# Paper and pens and ink (oh my!)



## Adelio Altomar (Apr 29, 2008)

When I do a little calligraphy, I like to use a good sturdy paper. However, I don't know where to get such paper. What do some of you use when you're inking your artwork and such? I could really use a little help on info about various brands and weights.


----------



## Dyluck (Apr 29, 2008)

Adelio Altomar said:


> When I do a little calligraphy, I like to use a good sturdy paper. However, I don't know where to get such paper. What do some of you use when you're inking your artwork and such? I could really use a little help on info about various brands and weights.



Your best bet is just to try an art supply store. I get all of my art supplies from a place called Utrecht, and they're always knowledgeable and helpful in regards to whatever I need to buy.

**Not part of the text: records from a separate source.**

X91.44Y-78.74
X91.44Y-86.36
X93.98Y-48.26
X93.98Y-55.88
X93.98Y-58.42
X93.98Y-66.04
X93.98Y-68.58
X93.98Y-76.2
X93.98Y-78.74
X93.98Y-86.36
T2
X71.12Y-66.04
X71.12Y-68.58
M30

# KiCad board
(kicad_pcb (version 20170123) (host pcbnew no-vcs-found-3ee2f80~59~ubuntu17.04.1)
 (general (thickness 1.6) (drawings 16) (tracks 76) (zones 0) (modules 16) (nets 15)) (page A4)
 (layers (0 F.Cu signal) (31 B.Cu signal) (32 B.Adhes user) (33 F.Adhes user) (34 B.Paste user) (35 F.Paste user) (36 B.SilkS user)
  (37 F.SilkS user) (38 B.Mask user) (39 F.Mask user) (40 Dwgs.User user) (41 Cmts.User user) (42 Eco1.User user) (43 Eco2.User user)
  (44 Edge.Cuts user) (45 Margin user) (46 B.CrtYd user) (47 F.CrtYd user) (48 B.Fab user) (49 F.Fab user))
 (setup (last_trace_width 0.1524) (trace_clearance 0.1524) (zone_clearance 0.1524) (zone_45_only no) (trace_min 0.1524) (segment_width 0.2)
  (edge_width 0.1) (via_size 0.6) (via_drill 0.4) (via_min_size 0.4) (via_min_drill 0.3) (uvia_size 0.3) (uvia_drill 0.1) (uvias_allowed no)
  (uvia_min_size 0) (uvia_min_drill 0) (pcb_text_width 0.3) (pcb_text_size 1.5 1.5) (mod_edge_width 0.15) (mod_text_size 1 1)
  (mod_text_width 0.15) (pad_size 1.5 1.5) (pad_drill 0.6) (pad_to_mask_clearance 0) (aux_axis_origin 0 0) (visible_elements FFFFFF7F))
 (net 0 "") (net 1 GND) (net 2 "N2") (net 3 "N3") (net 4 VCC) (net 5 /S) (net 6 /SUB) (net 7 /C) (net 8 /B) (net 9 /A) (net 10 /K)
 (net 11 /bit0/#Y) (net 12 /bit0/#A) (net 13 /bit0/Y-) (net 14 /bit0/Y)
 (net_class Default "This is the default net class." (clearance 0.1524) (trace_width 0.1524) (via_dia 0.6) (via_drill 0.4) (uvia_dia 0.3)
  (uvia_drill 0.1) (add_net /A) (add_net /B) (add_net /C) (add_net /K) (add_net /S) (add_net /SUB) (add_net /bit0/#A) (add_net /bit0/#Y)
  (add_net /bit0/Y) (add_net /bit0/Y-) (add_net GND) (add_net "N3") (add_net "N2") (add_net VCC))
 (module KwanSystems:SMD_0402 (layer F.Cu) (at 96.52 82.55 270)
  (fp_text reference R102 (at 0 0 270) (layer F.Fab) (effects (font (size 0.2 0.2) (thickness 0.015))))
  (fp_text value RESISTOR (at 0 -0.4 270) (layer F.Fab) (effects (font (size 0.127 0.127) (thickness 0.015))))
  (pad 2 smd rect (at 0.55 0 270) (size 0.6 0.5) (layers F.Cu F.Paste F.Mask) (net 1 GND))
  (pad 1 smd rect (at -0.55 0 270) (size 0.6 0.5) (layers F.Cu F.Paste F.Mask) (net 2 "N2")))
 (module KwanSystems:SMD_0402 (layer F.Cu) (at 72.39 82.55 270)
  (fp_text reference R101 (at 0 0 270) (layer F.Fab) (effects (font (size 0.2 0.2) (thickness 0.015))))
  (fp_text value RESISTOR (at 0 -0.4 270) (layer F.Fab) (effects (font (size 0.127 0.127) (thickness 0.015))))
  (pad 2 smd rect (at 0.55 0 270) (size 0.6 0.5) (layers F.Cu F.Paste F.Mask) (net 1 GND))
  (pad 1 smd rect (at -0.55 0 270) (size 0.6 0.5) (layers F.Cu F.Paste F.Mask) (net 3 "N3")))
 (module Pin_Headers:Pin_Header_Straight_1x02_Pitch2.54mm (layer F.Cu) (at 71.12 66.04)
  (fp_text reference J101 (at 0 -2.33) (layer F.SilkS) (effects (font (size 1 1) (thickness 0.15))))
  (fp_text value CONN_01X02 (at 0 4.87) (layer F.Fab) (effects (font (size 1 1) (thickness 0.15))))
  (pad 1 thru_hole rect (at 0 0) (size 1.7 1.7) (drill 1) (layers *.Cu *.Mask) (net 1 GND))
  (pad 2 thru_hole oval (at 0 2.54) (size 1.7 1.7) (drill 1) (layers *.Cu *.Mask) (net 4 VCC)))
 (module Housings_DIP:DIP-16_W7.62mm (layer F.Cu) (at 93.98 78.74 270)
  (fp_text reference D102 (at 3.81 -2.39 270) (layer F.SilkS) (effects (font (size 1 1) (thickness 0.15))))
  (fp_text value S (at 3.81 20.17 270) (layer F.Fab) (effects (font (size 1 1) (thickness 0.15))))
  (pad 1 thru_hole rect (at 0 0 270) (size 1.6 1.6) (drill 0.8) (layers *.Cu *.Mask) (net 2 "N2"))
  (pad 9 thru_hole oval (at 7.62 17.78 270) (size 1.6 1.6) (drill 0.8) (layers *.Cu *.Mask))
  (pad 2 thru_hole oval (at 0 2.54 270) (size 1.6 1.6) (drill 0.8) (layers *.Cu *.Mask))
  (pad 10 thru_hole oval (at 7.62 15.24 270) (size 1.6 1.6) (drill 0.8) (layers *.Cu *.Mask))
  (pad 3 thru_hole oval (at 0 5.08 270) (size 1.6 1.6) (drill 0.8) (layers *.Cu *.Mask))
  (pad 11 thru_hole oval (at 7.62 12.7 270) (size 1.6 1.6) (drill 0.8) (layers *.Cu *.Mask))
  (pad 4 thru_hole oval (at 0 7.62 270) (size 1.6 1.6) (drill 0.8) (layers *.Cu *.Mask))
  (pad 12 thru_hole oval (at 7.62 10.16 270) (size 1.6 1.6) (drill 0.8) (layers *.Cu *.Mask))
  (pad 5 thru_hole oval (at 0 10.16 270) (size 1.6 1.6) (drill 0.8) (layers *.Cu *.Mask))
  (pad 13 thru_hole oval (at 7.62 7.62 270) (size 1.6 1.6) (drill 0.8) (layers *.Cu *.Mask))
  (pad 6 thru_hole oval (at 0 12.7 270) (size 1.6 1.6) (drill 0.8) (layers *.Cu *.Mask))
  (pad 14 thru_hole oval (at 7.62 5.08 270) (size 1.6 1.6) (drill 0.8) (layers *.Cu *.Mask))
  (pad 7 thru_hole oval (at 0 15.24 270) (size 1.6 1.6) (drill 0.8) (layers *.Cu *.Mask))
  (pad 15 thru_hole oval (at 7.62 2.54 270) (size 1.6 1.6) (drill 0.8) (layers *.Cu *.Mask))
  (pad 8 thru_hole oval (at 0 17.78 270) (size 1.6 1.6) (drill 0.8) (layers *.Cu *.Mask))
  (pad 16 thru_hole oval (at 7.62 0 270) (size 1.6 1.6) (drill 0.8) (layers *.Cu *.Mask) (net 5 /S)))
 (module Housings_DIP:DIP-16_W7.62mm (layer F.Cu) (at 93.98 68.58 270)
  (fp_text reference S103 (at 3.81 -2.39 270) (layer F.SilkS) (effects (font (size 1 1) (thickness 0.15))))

Also, some people use watercolour paper for inks because the paper is absorbent, but there are probably better things to choose from among actual calligraphy papers.


----------



## shiftyfox (Apr 30, 2008)

I personally like using the flimsy smooth stuff more.  My nibs always seem to dig in too much with the rough stuff.  I don't know anything about paper though so I cant really help you out as far as specifics go.  I guess so far my favorite paper has come out of a cheapo bienfang sketchbook with 50lb weight (dont know what that means exactly)  Its also numbered 601 if that helps.


----------



## Dyluck (Apr 30, 2008)

Oh, shit, right. Depending on whether you're using a pen or brush, you're probably going to need a different type of paper. I immediately assumed brush when you said calligraphy.


----------



## Adelio Altomar (Apr 30, 2008)

I would assume the title would've made ya think, atleast. And that's one of the things when I'm using a certain pen, like Speedball, for example. Writes really well with it's smaller nibs, but with a Leonardt dip pen, that's a good choice for larger posters and such.


----------



## Dyluck (Apr 30, 2008)

Adelio Altomar said:


> I would assume the title would've made ya think, atleast.



Who, me? 8U


----------



## shiftyfox (May 1, 2008)

ya, I suppose the paper really depends on the type of nib your using too.  I've never done calligraphy so I don't really know what kind of paper works well with that kind of nib.  I'm using speedball right now, never heard of Leonardt.  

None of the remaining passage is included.